Cases involving drug exposure are more prevalent in East Tennessee, according to the University of Tennessee study.

KNOXVILLE, Tenn. — A new study from the University of Tennessee finds that child abuse and neglect carry significant economic costs in addition to personal and social consequences. 

There's a one-in-eight chance that a Tennessee-born child will become a victim of abuse or neglect before adulthood, according to the study. 

The Economic Impact of Child Abuse and Neglect in Tennessee by the Boyd Center for Business and Economic Research in partnership with the Tennessee Commission on Children and Youth’s Second Look Commission, finds that the lifetime cost of child abuse is over $285,000 per case. Per year, child abuse costs the state between $3.33 and $4.97 billion, according to the study. 

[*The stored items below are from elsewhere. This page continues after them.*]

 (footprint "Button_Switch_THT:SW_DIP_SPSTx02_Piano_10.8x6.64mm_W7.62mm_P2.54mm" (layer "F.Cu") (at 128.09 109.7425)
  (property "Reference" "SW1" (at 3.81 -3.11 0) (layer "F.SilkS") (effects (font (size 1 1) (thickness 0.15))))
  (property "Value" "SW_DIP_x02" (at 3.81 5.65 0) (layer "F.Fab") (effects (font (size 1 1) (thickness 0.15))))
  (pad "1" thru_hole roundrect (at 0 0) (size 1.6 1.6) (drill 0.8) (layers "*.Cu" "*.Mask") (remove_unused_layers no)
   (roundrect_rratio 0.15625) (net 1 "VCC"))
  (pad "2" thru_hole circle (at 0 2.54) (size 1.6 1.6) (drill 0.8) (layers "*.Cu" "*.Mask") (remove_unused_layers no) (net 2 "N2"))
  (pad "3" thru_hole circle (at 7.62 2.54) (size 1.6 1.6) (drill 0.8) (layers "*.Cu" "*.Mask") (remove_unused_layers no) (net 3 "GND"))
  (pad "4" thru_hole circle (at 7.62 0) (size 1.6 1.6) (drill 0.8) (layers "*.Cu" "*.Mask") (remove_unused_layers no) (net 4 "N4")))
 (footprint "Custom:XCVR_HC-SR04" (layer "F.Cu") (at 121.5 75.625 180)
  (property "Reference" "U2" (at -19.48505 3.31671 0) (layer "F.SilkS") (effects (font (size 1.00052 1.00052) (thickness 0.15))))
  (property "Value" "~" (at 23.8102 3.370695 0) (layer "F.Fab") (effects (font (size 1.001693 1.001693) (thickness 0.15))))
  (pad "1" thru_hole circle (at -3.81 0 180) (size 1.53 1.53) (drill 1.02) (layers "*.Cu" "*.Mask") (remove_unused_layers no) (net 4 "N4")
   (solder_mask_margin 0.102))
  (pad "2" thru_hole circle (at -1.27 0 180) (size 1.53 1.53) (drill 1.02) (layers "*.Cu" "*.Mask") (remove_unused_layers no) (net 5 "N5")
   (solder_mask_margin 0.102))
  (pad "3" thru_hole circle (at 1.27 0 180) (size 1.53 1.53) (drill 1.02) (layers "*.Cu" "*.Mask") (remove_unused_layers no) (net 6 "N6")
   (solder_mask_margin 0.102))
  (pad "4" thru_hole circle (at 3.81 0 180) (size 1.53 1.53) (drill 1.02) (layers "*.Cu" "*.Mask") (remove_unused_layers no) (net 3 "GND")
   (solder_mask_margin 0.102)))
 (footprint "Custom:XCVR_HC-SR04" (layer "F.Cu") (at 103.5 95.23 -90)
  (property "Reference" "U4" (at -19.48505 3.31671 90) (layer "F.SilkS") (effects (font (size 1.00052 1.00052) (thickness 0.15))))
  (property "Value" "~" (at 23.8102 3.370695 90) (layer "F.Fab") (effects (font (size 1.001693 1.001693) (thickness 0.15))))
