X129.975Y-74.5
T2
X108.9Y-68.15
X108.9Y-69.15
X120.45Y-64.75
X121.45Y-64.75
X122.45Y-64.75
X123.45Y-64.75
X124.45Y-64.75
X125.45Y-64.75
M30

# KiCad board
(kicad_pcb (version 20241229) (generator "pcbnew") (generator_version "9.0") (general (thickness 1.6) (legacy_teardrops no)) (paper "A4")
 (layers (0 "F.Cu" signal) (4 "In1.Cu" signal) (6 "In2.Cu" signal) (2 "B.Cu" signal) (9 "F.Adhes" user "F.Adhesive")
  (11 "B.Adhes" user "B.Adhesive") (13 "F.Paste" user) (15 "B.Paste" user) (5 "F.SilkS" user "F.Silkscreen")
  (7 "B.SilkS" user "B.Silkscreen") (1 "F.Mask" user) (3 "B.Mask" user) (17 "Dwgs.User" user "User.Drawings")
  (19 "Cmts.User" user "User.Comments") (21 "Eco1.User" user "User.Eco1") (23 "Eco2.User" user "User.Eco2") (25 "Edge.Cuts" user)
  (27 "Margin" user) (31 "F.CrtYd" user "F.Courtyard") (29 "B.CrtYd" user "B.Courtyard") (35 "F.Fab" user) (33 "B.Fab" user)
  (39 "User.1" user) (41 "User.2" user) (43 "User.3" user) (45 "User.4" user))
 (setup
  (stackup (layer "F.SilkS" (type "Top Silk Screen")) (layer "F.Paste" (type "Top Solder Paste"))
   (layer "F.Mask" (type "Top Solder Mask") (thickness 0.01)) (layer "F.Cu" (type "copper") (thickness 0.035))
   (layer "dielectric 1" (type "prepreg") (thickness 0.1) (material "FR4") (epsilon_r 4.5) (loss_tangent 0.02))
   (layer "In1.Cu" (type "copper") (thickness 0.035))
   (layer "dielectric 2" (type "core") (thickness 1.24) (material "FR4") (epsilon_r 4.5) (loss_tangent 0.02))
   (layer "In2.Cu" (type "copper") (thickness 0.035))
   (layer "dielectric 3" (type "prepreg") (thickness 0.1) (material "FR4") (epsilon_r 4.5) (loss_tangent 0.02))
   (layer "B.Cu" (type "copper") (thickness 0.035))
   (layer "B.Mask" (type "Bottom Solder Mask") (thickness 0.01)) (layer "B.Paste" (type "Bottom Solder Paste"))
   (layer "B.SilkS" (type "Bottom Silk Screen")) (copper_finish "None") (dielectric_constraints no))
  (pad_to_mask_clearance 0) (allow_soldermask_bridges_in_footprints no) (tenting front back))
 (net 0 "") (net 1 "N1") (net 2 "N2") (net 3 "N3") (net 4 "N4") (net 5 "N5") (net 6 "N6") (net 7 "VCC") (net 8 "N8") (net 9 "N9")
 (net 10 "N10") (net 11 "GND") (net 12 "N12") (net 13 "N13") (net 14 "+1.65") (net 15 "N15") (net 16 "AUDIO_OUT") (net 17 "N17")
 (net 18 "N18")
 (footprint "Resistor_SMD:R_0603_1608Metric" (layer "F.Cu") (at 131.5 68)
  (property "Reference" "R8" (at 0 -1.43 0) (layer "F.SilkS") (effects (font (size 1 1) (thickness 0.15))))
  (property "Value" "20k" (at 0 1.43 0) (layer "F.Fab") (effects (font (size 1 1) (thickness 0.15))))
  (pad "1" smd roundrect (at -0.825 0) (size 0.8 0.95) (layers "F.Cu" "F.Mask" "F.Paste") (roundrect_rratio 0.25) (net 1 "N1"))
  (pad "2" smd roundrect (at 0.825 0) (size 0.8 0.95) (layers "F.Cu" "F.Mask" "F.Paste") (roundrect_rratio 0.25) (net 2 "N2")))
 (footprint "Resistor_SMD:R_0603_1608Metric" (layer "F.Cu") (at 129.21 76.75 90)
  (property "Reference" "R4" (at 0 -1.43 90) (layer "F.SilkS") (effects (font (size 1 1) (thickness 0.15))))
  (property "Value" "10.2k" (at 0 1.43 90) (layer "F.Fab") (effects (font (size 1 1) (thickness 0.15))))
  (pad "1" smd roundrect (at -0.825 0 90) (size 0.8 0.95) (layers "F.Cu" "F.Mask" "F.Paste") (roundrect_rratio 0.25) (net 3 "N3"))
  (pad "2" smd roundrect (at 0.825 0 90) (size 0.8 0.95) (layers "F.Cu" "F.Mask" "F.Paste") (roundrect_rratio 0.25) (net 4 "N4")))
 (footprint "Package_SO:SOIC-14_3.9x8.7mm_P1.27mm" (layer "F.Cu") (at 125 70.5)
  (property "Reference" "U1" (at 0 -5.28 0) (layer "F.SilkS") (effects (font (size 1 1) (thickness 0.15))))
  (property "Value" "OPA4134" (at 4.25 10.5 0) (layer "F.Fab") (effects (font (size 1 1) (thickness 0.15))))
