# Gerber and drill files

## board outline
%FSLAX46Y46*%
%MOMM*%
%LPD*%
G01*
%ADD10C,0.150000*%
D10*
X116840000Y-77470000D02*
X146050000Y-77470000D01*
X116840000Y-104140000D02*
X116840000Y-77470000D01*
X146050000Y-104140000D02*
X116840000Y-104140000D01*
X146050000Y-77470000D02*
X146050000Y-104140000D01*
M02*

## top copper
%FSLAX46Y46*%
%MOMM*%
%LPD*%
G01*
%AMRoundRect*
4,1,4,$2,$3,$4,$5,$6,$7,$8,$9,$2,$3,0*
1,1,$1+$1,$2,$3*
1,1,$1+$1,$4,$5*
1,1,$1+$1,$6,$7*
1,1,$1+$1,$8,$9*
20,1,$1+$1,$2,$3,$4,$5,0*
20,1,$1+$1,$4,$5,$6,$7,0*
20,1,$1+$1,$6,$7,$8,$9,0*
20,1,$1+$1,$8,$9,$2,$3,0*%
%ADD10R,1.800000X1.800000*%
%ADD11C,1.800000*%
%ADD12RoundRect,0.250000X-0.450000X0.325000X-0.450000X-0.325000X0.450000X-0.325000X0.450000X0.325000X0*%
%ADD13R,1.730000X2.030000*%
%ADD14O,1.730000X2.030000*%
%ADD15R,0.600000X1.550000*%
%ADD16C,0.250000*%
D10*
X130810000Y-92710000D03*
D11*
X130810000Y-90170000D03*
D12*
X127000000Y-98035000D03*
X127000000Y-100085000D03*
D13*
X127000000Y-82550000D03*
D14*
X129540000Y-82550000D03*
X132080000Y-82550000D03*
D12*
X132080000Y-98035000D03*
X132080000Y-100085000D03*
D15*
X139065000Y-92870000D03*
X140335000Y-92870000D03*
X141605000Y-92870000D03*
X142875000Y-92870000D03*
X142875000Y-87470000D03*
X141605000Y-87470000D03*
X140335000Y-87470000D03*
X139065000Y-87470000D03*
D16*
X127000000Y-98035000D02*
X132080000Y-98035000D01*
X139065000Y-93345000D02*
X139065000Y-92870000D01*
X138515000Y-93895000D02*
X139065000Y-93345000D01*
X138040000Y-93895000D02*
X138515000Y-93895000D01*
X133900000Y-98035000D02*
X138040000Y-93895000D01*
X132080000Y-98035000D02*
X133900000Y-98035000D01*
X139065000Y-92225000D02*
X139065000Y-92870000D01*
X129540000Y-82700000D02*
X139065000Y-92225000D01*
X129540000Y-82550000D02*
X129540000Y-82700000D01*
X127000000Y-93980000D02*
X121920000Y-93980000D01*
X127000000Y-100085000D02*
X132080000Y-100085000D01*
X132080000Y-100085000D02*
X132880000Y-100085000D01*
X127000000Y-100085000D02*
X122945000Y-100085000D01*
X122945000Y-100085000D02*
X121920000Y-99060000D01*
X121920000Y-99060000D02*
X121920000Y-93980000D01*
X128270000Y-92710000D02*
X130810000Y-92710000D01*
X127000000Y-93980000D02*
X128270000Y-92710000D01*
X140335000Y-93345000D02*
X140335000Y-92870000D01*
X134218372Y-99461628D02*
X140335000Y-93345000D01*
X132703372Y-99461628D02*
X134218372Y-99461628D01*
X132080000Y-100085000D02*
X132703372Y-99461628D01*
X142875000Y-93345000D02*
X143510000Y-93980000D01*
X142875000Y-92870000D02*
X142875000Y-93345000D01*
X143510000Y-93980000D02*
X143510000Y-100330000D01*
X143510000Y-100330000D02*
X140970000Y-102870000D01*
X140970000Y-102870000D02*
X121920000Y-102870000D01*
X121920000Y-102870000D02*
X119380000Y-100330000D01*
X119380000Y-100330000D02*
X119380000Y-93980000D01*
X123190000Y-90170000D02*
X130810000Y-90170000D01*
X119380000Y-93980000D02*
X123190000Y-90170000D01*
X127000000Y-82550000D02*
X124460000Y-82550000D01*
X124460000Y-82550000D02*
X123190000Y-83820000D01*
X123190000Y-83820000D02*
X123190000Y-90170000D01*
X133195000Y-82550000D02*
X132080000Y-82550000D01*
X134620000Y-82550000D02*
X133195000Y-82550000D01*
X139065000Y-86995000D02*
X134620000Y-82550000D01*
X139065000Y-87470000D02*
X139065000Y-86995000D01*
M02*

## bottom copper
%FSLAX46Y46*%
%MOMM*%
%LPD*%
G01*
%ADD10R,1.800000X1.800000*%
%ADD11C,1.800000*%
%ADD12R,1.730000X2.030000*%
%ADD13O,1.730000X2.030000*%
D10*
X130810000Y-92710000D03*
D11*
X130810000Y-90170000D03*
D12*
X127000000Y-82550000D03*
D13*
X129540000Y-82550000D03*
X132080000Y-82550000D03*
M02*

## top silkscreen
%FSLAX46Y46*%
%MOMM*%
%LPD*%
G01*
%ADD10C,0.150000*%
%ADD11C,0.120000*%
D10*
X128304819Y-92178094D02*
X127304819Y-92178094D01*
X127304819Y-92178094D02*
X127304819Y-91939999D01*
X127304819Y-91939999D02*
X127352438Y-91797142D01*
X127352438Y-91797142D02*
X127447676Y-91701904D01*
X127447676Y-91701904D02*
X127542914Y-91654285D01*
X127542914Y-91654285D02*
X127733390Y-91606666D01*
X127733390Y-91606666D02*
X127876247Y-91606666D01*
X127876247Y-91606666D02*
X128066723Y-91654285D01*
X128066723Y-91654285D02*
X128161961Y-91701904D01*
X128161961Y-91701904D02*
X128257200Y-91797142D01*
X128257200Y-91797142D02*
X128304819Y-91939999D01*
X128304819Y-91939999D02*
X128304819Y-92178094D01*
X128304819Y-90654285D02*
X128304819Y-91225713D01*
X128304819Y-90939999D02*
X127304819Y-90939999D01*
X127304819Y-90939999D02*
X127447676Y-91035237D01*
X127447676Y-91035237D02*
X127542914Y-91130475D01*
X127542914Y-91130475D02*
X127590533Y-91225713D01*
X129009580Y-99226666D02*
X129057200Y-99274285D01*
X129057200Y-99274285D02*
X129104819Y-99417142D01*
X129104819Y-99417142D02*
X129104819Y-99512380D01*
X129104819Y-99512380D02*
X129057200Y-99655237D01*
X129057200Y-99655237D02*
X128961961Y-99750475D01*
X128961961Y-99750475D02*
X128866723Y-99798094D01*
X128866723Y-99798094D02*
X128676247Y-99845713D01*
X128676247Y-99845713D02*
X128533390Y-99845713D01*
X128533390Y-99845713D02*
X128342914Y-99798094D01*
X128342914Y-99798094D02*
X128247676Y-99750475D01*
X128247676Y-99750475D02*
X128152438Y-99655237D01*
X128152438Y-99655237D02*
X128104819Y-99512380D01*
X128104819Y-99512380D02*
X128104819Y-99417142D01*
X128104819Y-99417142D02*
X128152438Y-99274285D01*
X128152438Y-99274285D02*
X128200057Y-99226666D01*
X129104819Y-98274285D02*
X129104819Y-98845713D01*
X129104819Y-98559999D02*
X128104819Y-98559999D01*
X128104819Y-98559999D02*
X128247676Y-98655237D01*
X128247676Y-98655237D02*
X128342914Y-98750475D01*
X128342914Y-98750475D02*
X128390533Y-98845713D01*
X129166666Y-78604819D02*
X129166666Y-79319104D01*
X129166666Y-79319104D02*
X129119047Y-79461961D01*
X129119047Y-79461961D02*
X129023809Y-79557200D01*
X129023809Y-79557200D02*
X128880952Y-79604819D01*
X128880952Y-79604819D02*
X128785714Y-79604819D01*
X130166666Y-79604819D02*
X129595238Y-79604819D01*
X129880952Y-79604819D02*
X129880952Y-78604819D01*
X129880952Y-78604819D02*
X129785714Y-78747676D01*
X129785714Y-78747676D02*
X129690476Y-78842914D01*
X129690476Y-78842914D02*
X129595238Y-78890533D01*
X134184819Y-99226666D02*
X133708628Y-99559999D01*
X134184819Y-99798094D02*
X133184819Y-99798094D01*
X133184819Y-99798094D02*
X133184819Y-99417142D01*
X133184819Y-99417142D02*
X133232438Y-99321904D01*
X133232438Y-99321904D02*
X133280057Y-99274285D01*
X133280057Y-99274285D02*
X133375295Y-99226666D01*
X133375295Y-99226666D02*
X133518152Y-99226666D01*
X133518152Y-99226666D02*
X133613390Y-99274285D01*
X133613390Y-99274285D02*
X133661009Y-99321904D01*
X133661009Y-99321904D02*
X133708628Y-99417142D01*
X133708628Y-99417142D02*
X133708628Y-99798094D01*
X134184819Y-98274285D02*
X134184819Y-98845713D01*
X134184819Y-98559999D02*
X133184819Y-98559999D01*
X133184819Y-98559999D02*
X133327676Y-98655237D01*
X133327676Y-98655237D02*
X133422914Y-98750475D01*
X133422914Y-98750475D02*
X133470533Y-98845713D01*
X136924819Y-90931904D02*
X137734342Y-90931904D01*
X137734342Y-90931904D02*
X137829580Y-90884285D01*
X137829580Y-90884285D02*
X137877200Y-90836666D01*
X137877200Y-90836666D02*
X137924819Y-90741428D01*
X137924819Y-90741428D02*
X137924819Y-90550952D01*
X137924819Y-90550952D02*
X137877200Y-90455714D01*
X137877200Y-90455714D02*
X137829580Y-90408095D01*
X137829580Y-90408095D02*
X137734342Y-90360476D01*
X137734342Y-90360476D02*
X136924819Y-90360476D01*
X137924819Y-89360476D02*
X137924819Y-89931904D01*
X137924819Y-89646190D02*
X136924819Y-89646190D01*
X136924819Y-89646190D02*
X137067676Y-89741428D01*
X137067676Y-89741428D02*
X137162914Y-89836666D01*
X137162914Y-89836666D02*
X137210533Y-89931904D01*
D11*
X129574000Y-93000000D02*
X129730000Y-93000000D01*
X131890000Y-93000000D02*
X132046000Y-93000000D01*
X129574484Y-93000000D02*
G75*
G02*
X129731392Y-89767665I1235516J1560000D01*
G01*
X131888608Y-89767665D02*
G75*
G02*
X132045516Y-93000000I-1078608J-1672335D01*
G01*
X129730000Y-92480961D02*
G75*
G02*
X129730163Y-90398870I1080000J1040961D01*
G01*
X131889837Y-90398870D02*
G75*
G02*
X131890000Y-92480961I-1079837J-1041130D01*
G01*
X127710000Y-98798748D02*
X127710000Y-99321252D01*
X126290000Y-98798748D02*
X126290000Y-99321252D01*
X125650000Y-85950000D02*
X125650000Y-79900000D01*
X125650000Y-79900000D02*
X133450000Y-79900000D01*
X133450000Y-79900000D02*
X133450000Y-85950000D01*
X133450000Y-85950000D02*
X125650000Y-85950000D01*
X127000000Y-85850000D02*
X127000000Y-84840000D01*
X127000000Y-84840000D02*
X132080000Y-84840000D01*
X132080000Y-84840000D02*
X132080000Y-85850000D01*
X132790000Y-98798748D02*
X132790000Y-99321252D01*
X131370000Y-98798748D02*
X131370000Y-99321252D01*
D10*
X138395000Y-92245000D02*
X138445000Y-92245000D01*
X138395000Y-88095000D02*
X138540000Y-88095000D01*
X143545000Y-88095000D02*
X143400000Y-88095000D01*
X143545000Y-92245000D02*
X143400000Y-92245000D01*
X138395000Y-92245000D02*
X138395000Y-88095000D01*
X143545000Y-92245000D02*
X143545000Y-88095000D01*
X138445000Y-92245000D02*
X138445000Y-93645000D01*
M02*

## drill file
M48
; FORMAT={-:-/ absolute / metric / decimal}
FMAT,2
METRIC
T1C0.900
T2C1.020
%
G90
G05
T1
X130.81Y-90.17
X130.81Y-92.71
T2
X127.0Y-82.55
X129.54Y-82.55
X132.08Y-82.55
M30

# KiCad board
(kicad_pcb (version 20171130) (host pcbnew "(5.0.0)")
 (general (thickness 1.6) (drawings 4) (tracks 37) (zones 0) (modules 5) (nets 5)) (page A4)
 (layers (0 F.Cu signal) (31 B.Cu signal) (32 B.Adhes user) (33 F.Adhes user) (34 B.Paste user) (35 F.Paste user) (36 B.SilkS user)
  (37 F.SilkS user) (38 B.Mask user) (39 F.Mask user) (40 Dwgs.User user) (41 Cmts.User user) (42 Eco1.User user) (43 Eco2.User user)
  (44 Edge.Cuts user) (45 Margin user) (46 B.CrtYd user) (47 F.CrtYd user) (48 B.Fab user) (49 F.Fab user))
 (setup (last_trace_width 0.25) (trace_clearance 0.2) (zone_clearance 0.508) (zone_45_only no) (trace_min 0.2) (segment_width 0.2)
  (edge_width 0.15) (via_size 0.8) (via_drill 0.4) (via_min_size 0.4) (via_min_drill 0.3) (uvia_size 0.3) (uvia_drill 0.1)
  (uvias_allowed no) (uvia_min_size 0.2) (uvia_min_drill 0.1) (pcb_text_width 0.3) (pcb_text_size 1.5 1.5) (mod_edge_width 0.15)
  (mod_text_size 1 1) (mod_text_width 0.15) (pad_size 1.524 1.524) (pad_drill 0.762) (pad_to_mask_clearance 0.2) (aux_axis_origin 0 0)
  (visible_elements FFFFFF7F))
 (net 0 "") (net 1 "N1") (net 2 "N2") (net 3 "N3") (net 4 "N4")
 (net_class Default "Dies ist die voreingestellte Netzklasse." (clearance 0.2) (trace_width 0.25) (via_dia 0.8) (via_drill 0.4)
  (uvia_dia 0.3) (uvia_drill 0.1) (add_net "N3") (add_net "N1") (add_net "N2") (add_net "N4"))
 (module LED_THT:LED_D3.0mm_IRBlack (layer F.Cu) (at 130.81 92.71 90)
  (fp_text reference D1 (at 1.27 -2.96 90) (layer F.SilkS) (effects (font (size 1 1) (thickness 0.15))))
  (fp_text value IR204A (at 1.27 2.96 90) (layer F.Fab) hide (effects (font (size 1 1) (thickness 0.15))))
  (fp_line (start -0.29 -1.236) (end -0.29 -1.08) (layer F.SilkS) (width 0.12))
  (fp_line (start -0.29 1.08) (end -0.29 1.236) (layer F.SilkS) (width 0.12))
  (fp_arc (start 1.27 0) (end -0.29 -1.235516) (angle 108.8) (layer F.SilkS) (width 0.12))
  (fp_arc (start 1.27 0) (end -0.29 1.235516) (angle -108.8) (layer F.SilkS) (width 0.12))
  (fp_arc (start 1.27 0) (end 0.229039 -1.08) (angle 87.9) (layer F.SilkS) (width 0.12))
  (fp_arc (start 1.27 0) (end 0.229039 1.08) (angle -87.9) (layer F.SilkS) (width 0.12))
  (pad 1 thru_hole rect (at 0 0 90) (size 1.8 1.8) (drill 0.9) (layers *.Cu *.Mask) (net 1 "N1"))
  (pad 2 thru_hole circle (at 2.54 0 90) (size 1.8 1.8) (drill 0.9) (layers *.Cu *.Mask) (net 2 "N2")))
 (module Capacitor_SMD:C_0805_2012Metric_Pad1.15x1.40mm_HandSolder (layer F.Cu) (at 127 99.06 270)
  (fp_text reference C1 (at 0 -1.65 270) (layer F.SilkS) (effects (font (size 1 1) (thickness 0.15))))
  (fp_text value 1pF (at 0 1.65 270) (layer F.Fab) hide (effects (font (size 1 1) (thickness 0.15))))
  (fp_line (start -0.261252 -0.71) (end 0.261252 -0.71) (layer F.SilkS) (width 0.12))
  (fp_line (start -0.261252 0.71) (end 0.261252 0.71) (layer F.SilkS) (width 0.12))
  (pad 1 smd roundrect (at -1.025 0 270) (size 1.15 1.4) (layers F.Cu F.Paste F.Mask) (roundrect_rratio 0.217391) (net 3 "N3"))
  (pad 2 smd roundrect (at 1.025 0 270) (size 1.15 1.4) (layers F.Cu F.Paste F.Mask) (roundrect_rratio 0.217391) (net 1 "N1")))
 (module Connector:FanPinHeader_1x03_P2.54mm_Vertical (layer F.Cu) (at 127 82.55)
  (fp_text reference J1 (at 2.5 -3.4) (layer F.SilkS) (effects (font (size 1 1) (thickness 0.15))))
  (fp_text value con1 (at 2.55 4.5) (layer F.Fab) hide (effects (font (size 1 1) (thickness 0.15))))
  (fp_line (start -1.35 3.4) (end -1.35 -2.65) (layer F.SilkS) (width 0.12))
  (fp_line (start -1.35 -2.65) (end 6.45 -2.65) (layer F.SilkS) (width 0.12))
  (fp_line (start 6.45 -2.65) (end 6.45 3.4) (layer F.SilkS) (width 0.12))
  (fp_line (start 6.45 3.4) (end -1.35 3.4) (layer F.SilkS) (width 0.12))
  (fp_line (start 0 3.3) (end 0 2.29) (layer F.SilkS) (width 0.12))
  (fp_line (start 0 2.29) (end 5.08 2.29) (layer F.SilkS) (width 0.12))
  (fp_line (start 5.08 2.29) (end 5.08 3.3) (layer F.SilkS) (width 0.12))
  (pad 1 thru_hole rect (at 0 0 90) (size 2.03 1.73) (drill 1.02) (layers *.Cu *.Mask) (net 2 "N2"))
  (pad 2 thru_hole oval (at 2.54 0 90) (size 2.03 1.73) (drill 1.02) (layers *.Cu *.Mask) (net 3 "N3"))
  (pad 3 thru_hole oval (at 5.08 0 90) (size 2.03 1.73) (drill 1.02) (layers *.Cu *.Mask) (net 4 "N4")))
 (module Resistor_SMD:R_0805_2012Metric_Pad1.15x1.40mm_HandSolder (layer F.Cu) (at 132.08 99.06 270)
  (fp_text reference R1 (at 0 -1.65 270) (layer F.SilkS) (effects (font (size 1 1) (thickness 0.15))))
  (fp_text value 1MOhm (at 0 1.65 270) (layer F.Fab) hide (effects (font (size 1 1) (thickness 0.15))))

This includes the cost of child mortality and premature adult mortality, decreased wages and workforce productivity in adulthood among survivors, increased medical costs both in childhood and adulthood, increased demands for special education, residential care costs of dependency and juvenile delinquency and the cost of criminality in adulthood, the study said. 

Efforts to prevent abuse and help victims recover will decrease these costs and yield a lifetime of benefits including greater labor force participation, improved population health, decreased rates of substance use disorders, lower incarceration rates, reduced demand for state services and greater life expectancy.

“Economically, there is a strong case for additional resources being made available to help victims of child abuse and neglect receive therapy and recover,” said Matt Harris, Boyd Distinguished Professor of Health Economics and author of the study. “However, we must acknowledge that therapy and treatment will only partially offset the economic and personal harm done. Since the economic harm from child maltreatment manifests over the individual’s life, so would the benefits from therapy and treatment. Therefore these efforts would need to be viewed as a long-term endeavor from an economic perspective.”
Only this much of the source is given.